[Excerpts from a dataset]
--
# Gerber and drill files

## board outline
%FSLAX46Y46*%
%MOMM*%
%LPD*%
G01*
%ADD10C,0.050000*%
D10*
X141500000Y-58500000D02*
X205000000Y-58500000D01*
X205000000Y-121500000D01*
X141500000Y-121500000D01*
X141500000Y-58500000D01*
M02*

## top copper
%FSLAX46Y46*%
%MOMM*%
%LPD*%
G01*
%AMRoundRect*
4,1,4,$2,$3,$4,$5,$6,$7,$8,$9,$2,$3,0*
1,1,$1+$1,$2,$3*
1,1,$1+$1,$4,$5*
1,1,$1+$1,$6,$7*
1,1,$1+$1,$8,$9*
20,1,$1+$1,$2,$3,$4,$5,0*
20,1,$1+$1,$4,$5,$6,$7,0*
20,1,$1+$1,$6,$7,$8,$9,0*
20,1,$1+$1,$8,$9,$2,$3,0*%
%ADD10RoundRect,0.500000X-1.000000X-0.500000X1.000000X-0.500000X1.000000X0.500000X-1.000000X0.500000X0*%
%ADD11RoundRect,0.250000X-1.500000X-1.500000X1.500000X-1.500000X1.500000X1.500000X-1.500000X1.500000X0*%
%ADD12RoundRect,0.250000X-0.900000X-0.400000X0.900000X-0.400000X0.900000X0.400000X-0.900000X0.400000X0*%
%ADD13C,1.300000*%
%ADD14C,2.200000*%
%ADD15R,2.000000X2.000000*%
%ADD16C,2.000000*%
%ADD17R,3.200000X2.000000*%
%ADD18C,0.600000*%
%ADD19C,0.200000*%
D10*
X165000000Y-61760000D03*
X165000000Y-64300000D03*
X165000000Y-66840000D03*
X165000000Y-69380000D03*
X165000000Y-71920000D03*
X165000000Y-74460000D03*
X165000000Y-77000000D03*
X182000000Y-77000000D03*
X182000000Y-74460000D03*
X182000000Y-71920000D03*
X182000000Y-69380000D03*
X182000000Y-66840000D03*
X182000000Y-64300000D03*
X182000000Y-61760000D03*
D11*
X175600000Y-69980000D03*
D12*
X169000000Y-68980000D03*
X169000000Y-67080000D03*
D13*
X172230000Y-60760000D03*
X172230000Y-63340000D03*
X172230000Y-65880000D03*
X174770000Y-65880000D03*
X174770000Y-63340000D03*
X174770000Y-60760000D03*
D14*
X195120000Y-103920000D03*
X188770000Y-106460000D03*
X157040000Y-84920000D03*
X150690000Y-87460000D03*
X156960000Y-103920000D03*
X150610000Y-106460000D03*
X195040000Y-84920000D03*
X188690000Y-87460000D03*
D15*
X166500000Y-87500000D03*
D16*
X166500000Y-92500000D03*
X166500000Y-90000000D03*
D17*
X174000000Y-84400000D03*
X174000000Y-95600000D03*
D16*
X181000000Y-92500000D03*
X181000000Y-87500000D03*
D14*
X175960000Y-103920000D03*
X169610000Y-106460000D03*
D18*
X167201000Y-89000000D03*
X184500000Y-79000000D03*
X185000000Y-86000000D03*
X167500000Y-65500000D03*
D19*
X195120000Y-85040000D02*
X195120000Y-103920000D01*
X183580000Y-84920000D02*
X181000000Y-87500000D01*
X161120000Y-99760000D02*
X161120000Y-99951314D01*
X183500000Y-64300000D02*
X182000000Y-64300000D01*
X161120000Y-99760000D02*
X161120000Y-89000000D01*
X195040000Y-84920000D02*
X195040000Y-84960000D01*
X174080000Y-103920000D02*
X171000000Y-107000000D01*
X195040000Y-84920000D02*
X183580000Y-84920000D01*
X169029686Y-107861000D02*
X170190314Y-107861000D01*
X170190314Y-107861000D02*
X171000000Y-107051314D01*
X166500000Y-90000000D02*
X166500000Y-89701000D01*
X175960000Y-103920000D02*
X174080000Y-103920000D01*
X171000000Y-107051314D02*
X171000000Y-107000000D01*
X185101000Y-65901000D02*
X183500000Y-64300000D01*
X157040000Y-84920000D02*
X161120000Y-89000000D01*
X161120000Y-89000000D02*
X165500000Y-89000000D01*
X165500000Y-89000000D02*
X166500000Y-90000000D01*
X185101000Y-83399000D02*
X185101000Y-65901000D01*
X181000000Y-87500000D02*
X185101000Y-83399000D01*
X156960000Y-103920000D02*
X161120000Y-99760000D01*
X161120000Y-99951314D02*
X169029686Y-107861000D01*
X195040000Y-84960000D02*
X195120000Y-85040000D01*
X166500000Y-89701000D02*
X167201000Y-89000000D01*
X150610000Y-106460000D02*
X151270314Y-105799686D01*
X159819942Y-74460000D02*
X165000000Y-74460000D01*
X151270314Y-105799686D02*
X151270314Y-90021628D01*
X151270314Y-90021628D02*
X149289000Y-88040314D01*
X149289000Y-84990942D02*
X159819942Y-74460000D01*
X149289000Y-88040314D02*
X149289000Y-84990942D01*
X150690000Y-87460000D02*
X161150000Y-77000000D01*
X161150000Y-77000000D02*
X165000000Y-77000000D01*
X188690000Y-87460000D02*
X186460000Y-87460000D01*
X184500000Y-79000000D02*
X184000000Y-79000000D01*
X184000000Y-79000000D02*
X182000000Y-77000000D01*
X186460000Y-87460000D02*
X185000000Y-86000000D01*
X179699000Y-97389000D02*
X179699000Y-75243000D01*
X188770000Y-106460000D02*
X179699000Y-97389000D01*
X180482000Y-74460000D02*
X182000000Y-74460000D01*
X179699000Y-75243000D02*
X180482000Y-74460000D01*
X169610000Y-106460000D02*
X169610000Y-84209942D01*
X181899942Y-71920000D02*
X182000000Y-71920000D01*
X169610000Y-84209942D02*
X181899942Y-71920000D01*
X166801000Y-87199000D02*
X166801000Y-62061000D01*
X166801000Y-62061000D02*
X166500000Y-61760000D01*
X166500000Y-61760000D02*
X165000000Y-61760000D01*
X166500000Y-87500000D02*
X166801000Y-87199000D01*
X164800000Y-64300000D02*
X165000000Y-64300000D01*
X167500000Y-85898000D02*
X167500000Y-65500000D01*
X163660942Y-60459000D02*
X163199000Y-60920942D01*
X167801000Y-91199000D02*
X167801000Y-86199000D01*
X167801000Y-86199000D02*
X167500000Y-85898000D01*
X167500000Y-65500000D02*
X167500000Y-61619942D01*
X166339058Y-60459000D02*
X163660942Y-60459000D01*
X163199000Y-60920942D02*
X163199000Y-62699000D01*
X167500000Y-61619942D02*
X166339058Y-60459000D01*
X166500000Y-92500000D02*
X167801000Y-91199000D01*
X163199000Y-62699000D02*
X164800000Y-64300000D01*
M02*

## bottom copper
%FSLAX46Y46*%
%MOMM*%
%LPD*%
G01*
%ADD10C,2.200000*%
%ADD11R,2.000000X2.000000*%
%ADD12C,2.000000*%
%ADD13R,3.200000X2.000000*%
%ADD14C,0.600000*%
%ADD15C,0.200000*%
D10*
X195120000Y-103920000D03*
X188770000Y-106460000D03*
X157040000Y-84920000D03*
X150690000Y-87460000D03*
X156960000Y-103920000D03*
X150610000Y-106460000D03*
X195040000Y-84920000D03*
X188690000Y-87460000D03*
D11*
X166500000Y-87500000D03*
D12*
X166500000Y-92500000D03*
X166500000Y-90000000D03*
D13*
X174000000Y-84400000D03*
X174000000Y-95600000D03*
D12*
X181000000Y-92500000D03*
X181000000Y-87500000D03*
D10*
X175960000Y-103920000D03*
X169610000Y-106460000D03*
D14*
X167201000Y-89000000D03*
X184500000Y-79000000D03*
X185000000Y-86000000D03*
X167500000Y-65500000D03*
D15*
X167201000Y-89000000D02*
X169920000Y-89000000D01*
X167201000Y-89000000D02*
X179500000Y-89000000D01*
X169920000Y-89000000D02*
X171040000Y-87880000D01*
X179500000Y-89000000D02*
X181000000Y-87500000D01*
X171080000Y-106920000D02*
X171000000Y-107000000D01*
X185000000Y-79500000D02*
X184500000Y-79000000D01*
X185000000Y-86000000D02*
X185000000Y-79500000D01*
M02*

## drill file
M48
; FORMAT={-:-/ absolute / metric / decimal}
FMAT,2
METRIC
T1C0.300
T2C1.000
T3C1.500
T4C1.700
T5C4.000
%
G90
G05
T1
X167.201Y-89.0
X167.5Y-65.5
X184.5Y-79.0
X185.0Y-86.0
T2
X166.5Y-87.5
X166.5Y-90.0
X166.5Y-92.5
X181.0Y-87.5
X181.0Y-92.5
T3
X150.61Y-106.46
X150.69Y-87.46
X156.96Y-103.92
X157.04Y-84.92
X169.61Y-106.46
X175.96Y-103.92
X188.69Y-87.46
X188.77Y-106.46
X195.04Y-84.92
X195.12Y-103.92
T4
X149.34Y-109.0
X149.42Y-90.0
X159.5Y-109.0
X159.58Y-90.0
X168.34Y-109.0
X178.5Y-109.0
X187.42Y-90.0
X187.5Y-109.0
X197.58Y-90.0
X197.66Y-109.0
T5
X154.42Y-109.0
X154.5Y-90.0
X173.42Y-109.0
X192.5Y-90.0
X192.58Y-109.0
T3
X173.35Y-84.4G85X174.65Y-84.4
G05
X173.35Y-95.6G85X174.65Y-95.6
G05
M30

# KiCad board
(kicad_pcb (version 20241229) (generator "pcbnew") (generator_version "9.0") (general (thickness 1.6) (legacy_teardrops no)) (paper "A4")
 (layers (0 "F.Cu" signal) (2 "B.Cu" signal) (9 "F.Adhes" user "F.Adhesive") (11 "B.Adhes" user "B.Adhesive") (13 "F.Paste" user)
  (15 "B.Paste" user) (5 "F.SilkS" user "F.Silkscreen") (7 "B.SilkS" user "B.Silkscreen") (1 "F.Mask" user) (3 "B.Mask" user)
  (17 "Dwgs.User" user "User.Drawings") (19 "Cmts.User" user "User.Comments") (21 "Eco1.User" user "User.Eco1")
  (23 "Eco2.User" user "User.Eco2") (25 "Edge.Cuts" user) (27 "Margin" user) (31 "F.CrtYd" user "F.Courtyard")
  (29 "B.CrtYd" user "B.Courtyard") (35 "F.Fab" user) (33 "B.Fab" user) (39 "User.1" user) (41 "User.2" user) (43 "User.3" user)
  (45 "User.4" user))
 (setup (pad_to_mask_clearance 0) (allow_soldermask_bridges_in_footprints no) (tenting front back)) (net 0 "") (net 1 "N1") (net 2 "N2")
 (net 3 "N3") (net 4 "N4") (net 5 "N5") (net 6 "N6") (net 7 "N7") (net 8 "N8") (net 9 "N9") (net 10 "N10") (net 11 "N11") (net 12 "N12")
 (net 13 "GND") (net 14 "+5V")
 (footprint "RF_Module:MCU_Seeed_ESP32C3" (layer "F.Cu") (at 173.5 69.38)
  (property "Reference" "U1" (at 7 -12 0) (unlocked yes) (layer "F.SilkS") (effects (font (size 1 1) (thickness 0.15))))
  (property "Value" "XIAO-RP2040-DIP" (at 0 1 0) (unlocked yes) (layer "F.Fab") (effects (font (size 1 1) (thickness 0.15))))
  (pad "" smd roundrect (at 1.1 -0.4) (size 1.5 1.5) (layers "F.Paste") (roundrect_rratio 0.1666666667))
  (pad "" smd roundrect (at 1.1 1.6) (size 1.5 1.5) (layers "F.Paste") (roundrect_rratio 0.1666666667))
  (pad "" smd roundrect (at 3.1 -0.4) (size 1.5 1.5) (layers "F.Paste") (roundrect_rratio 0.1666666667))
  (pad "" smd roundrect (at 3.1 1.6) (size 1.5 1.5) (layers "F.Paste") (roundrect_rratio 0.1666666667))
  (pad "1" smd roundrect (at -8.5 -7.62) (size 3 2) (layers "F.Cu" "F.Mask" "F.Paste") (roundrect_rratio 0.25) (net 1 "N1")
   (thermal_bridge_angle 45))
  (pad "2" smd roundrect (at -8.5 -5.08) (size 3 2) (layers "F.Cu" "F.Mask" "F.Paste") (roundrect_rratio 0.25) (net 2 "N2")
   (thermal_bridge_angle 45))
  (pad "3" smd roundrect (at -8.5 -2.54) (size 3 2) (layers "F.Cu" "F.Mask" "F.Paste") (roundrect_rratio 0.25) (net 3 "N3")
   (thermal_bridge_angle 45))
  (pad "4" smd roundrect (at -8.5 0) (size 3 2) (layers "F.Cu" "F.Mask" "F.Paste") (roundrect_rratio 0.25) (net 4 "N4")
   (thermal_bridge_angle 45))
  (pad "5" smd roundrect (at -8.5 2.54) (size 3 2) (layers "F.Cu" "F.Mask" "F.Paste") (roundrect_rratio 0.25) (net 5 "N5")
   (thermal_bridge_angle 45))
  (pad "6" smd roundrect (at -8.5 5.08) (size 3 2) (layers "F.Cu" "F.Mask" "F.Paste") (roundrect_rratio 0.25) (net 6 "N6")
--
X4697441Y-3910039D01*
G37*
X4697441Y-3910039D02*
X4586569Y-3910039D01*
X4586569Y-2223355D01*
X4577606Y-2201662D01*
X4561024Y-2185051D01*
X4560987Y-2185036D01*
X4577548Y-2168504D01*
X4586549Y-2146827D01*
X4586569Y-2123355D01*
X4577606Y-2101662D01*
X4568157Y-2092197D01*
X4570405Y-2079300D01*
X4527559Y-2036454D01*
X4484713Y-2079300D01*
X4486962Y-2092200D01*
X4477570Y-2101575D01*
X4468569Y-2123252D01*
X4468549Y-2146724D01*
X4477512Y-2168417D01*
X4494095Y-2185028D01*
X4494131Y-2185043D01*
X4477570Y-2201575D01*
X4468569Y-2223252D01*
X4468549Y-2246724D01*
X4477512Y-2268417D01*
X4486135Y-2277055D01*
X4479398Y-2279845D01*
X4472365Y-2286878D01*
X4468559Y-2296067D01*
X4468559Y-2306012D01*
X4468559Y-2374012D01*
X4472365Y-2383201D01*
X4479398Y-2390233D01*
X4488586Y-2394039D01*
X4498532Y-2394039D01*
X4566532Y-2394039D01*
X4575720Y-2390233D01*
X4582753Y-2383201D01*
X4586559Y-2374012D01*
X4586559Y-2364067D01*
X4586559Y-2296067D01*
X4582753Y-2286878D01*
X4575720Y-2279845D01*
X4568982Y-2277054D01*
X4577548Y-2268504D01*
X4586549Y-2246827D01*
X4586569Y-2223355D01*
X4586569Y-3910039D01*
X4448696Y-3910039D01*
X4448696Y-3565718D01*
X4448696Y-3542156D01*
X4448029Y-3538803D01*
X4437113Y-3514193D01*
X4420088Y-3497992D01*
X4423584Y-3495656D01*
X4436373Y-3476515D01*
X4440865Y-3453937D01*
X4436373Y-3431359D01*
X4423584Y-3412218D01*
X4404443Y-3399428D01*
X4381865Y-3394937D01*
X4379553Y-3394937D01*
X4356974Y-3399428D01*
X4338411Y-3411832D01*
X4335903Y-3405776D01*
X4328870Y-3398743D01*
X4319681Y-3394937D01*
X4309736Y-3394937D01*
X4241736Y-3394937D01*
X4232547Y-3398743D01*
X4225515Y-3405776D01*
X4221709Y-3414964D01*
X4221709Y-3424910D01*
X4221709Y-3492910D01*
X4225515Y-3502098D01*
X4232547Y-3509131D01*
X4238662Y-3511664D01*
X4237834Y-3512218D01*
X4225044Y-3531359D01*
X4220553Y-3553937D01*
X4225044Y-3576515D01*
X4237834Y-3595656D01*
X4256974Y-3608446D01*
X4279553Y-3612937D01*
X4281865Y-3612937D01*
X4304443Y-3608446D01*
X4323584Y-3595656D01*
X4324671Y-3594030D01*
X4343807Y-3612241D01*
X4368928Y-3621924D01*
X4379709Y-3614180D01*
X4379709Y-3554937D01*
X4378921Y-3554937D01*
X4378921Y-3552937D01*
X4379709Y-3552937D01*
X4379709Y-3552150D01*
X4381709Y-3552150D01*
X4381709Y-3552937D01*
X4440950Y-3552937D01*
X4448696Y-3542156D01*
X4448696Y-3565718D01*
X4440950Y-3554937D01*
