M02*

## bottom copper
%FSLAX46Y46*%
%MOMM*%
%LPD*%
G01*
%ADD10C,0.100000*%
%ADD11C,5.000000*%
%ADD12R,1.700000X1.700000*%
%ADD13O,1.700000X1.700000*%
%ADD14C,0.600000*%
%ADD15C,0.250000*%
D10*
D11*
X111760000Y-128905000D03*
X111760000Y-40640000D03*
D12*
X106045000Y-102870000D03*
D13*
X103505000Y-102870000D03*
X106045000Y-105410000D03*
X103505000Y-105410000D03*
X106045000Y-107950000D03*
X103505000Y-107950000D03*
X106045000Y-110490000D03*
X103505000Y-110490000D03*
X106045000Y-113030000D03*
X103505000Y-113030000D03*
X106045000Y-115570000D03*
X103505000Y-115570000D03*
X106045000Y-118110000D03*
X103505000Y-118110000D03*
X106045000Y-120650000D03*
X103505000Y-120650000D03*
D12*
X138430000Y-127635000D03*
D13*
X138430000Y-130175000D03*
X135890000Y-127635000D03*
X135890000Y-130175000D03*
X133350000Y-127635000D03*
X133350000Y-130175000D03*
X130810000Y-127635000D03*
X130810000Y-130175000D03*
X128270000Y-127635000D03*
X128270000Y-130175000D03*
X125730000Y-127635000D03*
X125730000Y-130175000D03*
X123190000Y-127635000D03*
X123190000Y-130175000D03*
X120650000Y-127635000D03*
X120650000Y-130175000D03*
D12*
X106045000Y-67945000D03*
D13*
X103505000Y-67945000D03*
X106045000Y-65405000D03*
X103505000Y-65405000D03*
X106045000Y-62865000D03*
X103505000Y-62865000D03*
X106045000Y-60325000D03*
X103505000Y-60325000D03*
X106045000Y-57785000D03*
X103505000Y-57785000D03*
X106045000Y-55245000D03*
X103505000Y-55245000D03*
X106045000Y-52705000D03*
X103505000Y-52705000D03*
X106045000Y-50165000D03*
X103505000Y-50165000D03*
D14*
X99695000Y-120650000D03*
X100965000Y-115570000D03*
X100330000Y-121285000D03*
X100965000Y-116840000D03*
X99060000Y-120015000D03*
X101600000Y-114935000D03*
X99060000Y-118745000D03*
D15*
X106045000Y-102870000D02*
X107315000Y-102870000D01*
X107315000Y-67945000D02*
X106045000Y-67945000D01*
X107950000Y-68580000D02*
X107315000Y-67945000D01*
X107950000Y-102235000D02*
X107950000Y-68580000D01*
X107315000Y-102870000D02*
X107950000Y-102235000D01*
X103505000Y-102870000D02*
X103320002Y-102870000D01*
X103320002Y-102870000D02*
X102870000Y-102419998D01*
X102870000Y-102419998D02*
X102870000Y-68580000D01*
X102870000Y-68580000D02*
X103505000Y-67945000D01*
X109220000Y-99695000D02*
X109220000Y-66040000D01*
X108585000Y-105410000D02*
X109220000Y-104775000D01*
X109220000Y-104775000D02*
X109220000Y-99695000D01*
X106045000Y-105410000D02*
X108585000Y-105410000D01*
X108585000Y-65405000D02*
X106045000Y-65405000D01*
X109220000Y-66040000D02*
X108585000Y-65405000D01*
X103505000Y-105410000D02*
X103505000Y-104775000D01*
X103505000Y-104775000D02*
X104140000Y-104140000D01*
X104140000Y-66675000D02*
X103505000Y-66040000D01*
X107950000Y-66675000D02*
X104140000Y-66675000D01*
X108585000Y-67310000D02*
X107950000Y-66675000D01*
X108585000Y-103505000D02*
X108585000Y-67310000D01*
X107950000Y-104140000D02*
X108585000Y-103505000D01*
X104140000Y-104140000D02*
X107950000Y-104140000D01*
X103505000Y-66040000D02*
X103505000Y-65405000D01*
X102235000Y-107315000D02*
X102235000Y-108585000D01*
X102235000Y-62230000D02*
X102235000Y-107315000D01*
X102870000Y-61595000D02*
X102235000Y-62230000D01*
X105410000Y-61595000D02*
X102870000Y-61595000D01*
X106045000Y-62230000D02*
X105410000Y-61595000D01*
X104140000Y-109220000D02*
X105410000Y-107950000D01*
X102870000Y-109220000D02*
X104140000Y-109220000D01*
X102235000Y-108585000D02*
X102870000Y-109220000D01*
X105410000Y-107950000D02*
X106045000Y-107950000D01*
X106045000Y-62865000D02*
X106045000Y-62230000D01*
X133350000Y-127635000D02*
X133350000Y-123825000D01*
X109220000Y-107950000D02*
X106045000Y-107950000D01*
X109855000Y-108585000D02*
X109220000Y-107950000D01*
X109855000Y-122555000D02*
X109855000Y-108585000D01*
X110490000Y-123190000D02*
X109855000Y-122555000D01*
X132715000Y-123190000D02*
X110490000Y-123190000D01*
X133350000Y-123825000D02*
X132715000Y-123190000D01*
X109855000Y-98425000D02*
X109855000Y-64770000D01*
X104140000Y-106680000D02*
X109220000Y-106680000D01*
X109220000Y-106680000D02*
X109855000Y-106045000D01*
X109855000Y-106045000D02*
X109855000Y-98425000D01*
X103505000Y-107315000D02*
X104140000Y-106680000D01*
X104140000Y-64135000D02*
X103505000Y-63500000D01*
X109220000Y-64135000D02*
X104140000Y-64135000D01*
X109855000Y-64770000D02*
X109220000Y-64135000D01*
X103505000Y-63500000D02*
--
WORK ORDER:
Which lines above carry the string "SilkS"? Copy those lines.

EXPECTED ANSWER:
  (15 "B.Paste" user) (5 "F.SilkS" user "F.Silkscreen") (7 "B.SilkS" user "B.Silkscreen") (1 "F.Mask" user) (3 "B.Mask" user)
  (property "Reference" "U1" (at 7 -12 0) (unlocked yes) (layer "F.SilkS") (effects (font (size 1 1) (thickness 0.15))))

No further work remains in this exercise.